上田 弊社では、奈良県で開発された「古都華(ことか)」というブランドの品種を栽培しています。これは古都・奈良を飾るための“華”になってほしいとの思いを込めて名付けられたもので、平城京への遷都から1300年の節目に当たる2011年にデビューしました。サンプルをご用意しましたのでご覧ください。
 
狩野 これはすごい! こんなに大きなイチゴみたことないですよ! どんな特徴があるのか気になるなぁ。
 
上田 古都華の一番の魅力は、甘みと酸味のバランスが良く、味が非常に濃厚な点ですね。
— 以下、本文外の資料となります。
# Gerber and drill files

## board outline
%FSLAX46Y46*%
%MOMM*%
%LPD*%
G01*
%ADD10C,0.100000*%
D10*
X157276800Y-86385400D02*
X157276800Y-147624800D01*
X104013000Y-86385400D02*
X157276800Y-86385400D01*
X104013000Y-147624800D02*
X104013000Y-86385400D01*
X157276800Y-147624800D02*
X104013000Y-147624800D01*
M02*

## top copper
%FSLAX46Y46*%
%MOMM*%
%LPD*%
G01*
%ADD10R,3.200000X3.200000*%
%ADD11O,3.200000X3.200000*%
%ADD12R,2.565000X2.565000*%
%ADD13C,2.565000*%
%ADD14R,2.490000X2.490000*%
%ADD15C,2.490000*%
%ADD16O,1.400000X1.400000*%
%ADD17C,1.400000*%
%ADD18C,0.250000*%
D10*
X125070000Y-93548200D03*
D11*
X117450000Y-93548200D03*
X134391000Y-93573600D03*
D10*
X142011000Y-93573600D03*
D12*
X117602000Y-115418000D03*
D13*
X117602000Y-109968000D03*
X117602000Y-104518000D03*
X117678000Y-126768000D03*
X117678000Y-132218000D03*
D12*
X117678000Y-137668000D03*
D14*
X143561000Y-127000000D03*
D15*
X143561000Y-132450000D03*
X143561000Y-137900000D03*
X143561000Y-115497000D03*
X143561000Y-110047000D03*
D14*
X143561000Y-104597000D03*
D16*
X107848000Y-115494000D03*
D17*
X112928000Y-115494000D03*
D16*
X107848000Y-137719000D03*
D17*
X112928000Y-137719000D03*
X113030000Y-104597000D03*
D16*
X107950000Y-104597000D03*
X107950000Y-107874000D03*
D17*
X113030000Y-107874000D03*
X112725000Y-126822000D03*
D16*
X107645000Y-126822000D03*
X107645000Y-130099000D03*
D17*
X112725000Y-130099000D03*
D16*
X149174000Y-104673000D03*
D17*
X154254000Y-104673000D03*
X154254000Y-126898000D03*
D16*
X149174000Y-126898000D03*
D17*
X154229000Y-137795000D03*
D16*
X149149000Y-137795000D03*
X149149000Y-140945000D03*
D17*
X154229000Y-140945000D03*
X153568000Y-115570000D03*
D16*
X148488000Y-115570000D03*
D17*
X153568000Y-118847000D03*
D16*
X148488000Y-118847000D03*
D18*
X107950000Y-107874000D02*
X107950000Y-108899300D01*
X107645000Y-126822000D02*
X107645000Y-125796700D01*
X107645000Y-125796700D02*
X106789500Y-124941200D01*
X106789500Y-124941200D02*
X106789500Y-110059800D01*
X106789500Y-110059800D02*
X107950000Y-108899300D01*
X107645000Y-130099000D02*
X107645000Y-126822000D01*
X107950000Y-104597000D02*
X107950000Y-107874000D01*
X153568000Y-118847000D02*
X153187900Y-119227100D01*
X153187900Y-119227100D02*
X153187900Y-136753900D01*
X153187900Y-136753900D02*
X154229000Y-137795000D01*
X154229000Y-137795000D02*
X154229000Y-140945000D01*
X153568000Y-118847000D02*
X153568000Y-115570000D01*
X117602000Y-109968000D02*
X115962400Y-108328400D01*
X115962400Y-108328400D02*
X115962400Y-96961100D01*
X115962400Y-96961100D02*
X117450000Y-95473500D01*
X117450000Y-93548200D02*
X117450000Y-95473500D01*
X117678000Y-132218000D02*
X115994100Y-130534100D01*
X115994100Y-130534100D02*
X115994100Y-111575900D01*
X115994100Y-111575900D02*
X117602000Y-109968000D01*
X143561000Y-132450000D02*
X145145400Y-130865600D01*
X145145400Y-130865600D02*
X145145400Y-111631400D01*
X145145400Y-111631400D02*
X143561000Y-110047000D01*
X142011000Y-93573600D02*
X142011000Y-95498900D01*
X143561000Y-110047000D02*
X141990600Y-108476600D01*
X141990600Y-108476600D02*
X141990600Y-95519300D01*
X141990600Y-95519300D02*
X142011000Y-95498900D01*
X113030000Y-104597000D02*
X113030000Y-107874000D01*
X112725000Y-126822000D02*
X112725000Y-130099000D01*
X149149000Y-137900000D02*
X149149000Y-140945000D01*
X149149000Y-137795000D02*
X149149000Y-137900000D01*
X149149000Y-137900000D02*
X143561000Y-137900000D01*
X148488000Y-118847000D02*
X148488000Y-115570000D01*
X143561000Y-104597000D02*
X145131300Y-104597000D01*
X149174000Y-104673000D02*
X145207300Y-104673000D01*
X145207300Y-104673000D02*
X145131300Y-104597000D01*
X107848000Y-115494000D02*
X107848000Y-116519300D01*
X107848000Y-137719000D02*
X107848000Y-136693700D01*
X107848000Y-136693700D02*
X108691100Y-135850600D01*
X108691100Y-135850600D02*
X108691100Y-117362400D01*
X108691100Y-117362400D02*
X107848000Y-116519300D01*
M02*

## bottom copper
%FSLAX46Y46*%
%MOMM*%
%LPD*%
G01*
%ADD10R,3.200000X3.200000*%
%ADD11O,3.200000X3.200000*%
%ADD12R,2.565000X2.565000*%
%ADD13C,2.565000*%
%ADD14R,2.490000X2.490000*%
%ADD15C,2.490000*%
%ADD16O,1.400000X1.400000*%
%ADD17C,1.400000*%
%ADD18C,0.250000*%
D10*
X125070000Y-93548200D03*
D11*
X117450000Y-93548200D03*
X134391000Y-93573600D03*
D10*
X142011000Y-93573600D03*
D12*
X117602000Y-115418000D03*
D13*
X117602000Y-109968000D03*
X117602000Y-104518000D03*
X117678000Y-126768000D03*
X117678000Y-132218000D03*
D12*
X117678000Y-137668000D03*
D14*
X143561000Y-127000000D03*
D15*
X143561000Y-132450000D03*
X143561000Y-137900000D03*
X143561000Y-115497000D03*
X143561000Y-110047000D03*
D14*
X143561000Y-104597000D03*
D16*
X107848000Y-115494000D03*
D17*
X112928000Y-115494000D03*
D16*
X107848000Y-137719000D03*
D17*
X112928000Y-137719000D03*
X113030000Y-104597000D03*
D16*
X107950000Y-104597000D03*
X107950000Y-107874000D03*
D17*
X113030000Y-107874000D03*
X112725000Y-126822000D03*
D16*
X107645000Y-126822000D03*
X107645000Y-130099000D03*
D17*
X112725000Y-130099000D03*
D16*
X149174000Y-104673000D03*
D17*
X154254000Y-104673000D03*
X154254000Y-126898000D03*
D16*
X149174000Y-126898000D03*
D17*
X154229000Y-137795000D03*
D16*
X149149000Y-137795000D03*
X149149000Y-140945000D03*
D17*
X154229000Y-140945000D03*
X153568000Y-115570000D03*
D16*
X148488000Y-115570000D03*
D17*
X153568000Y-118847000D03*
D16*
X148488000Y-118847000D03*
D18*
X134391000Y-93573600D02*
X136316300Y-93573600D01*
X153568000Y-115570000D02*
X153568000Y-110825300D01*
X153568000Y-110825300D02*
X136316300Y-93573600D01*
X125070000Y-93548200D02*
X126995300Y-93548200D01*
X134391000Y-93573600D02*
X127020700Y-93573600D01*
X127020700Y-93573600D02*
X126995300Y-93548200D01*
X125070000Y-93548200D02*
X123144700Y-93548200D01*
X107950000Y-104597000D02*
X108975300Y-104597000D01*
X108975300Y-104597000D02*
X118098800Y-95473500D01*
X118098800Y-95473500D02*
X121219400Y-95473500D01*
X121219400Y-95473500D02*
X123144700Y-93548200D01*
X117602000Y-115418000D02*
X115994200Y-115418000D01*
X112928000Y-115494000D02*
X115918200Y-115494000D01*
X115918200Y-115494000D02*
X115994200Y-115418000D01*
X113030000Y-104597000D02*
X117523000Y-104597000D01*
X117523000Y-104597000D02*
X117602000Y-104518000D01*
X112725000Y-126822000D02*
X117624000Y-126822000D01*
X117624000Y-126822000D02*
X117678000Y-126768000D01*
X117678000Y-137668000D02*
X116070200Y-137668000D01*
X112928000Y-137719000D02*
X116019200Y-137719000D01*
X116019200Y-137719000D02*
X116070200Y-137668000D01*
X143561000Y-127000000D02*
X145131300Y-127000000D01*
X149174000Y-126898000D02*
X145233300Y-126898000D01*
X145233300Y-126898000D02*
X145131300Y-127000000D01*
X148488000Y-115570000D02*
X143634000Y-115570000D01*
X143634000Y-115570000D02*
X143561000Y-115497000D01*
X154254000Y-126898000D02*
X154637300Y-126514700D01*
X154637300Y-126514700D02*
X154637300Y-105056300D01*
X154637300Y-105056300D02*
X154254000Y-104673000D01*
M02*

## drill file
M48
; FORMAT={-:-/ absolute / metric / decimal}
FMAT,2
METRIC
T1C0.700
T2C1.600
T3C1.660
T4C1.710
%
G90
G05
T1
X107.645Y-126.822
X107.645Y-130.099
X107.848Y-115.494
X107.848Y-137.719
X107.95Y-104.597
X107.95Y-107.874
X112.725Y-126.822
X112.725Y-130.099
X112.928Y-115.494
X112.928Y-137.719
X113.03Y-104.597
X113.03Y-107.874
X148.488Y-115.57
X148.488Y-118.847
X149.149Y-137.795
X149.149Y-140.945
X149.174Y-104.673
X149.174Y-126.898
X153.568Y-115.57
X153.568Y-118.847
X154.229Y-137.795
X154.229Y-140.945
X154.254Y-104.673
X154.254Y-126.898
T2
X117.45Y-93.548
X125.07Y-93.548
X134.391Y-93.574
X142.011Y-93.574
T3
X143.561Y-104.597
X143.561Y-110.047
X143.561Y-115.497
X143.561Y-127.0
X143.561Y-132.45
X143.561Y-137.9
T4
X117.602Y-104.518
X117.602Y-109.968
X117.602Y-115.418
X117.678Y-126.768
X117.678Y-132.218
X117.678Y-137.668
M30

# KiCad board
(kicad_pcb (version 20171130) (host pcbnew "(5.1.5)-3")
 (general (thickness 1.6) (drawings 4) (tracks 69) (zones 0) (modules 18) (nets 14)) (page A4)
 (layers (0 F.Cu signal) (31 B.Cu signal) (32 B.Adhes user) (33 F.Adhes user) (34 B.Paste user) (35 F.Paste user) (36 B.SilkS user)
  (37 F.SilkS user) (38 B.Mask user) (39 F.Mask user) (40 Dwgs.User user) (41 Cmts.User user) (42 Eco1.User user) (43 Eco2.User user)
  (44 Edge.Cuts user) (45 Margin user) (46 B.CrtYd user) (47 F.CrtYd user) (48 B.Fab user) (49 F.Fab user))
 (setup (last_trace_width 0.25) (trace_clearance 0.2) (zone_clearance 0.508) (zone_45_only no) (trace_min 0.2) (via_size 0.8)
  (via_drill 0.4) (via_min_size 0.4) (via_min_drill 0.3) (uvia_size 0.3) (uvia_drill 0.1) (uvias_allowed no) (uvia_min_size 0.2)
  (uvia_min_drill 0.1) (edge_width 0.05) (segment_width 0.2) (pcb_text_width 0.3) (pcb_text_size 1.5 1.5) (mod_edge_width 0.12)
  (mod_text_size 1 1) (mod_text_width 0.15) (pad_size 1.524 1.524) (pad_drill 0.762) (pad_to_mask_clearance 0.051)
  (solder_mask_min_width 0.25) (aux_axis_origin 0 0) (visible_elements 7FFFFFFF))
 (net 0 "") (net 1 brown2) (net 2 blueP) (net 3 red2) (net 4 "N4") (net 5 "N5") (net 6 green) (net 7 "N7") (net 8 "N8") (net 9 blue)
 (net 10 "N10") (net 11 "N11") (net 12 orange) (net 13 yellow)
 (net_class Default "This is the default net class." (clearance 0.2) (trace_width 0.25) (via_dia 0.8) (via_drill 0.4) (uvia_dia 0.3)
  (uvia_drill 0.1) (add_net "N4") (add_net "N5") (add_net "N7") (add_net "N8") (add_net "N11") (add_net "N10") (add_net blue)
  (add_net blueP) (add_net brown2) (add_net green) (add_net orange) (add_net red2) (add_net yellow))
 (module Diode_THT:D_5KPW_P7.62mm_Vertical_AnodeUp (layer F.Cu) (at 125.07 93.5482 180)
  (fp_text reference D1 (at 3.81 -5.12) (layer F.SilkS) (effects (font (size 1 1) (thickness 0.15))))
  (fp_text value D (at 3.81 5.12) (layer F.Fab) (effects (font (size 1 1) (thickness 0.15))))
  (pad 1 thru_hole rect (at 0 0 180) (size 3.2 3.2) (drill 1.6) (layers *.Cu *.Mask) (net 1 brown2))
  (pad 2 thru_hole oval (at 7.62 0 180) (size 3.2 3.2) (drill 1.6) (layers *.Cu *.Mask) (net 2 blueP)))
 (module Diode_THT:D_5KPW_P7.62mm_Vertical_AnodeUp (layer F.Cu) (at 142.011 93.5736 180)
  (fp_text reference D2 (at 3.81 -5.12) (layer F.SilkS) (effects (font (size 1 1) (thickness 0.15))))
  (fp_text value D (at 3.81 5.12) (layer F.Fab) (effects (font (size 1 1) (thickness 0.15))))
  (pad 2 thru_hole oval (at 7.62 0 180) (size 3.2 3.2) (drill 1.6) (layers *.Cu *.Mask) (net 1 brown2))
  (pad 1 thru_hole rect (at 0 0 180) (size 3.2 3.2) (drill 1.6) (layers *.Cu *.Mask) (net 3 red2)))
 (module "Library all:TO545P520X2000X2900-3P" (layer B.Cu) (at 117.602 115.418 90)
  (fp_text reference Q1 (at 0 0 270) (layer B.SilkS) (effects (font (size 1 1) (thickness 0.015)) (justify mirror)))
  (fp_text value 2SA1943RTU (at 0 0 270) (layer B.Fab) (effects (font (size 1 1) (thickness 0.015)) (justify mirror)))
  (pad 1 thru_hole rect (at 0 0 90) (size 2.565 2.565) (drill 1.71) (layers *.Cu *.Mask) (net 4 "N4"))
  (pad 2 thru_hole circle (at 5.45 0 90) (size 2.565 2.565) (drill 1.71) (layers *.Cu *.Mask) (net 2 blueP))
  (pad 3 thru_hole circle (at 10.9 0 90) (size 2.565 2.565) (drill 1.71) (layers *.Cu *.Mask) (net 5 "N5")))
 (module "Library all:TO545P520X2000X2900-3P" (layer B.Cu) (at 117.678 137.668 90)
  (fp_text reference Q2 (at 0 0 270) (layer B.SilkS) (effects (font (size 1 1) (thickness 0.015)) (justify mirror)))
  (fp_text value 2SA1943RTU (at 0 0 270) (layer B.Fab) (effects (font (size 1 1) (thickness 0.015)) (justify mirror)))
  (pad 3 thru_hole circle (at 10.9 0 90) (size 2.565 2.565) (drill 1.71) (layers *.Cu *.Mask) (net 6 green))
  (pad 2 thru_hole circle (at 5.45 0 90) (size 2.565 2.565) (drill 1.71) (layers *.Cu *.Mask) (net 2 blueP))
  (pad 1 thru_hole rect (at 0 0 90) (size 2.565 2.565) (drill 1.71) (layers *.Cu *.Mask) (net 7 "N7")))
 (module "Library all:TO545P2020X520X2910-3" (layer B.Cu) (at 143.561 127 270)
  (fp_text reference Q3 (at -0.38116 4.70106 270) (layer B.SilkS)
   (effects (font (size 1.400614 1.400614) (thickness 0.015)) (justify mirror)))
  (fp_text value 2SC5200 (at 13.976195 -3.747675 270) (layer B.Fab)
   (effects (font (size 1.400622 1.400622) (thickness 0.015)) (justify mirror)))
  (pad 1 thru_hole rect (at 0 0 270) (size 2.49 2.49) (drill 1.66) (layers *.Cu *.Mask) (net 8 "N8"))
  (pad 2 thru_hole circle (at 5.45 0 270) (size 2.49 2.49) (drill 1.66) (layers *.Cu *.Mask) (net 3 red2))
  (pad 3 thru_hole circle (at 10.9 0 270) (size 2.49 2.49) (drill 1.66) (layers *.Cu *.Mask) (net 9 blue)))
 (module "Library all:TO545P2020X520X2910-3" (layer B.Cu) (at 143.561 104.597 270)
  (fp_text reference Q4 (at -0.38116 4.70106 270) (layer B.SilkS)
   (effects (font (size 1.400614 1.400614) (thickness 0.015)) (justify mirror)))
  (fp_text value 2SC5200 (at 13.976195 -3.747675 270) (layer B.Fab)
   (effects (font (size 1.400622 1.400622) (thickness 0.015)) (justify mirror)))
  (pad 3 thru_hole circle (at 10.9 0 270) (size 2.49 2.49) (drill 1.66) (layers *.Cu *.Mask) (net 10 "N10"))
  (pad 2 thru_hole circle (at 5.45 0 270) (size 2.49 2.49) (drill 1.66) (layers *.Cu *.Mask) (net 3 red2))
  (pad 1 thru_hole rect (at 0 0 270) (size 2.49 2.49) (drill 1.66) (layers *.Cu *.Mask) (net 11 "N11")))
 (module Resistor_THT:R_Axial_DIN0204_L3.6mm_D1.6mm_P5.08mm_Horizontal (layer F.Cu) (at 112.928 115.494 180)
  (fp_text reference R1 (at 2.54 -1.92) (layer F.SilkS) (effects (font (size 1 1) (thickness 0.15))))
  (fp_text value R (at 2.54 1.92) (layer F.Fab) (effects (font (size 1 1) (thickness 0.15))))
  (pad 2 thru_hole oval (at 5.08 0 180) (size 1.4 1.4) (drill 0.7) (layers *.Cu *.Mask) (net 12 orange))
  (pad 1 thru_hole circle (at 0 0 180) (size 1.4 1.4) (drill 0.7) (layers *.Cu *.Mask) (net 4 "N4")))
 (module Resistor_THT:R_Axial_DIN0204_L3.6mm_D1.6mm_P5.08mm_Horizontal (layer F.Cu) (at 112.928 137.719 180)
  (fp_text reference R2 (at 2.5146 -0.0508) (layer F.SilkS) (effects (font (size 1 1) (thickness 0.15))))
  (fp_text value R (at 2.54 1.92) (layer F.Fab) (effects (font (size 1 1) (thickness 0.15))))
また、実がしっかりとしているので、ほかの柔らかい品種と比べて日持ちするのも特徴の一つです。特に弊社では、甘みと酸味を際立たせるような栽培を心がけており、口の中に味の余韻が残り続けるような濃厚さがお客様に大変喜ばれています。
 
狩野 イチゴというと1月から3月にかけて旬をむかえて店頭に多く並ぶイメージがあります。こちらではどのようなサイクルで生産されているんでしょうか。
 
上田 弊社ですと、まず夏場におよそ6万株のイチゴの苗を植えるんです。オフシーズンではその苗を自社で育て、どんどん増殖していく作業がメインとなりますね。そして、冬場から春にかけて最盛期を迎えると、百貨店などで贈答品としても販売されています。
 
狩野 百貨店などで販売されるとなると、いわゆる高級ブランドのイメージですね。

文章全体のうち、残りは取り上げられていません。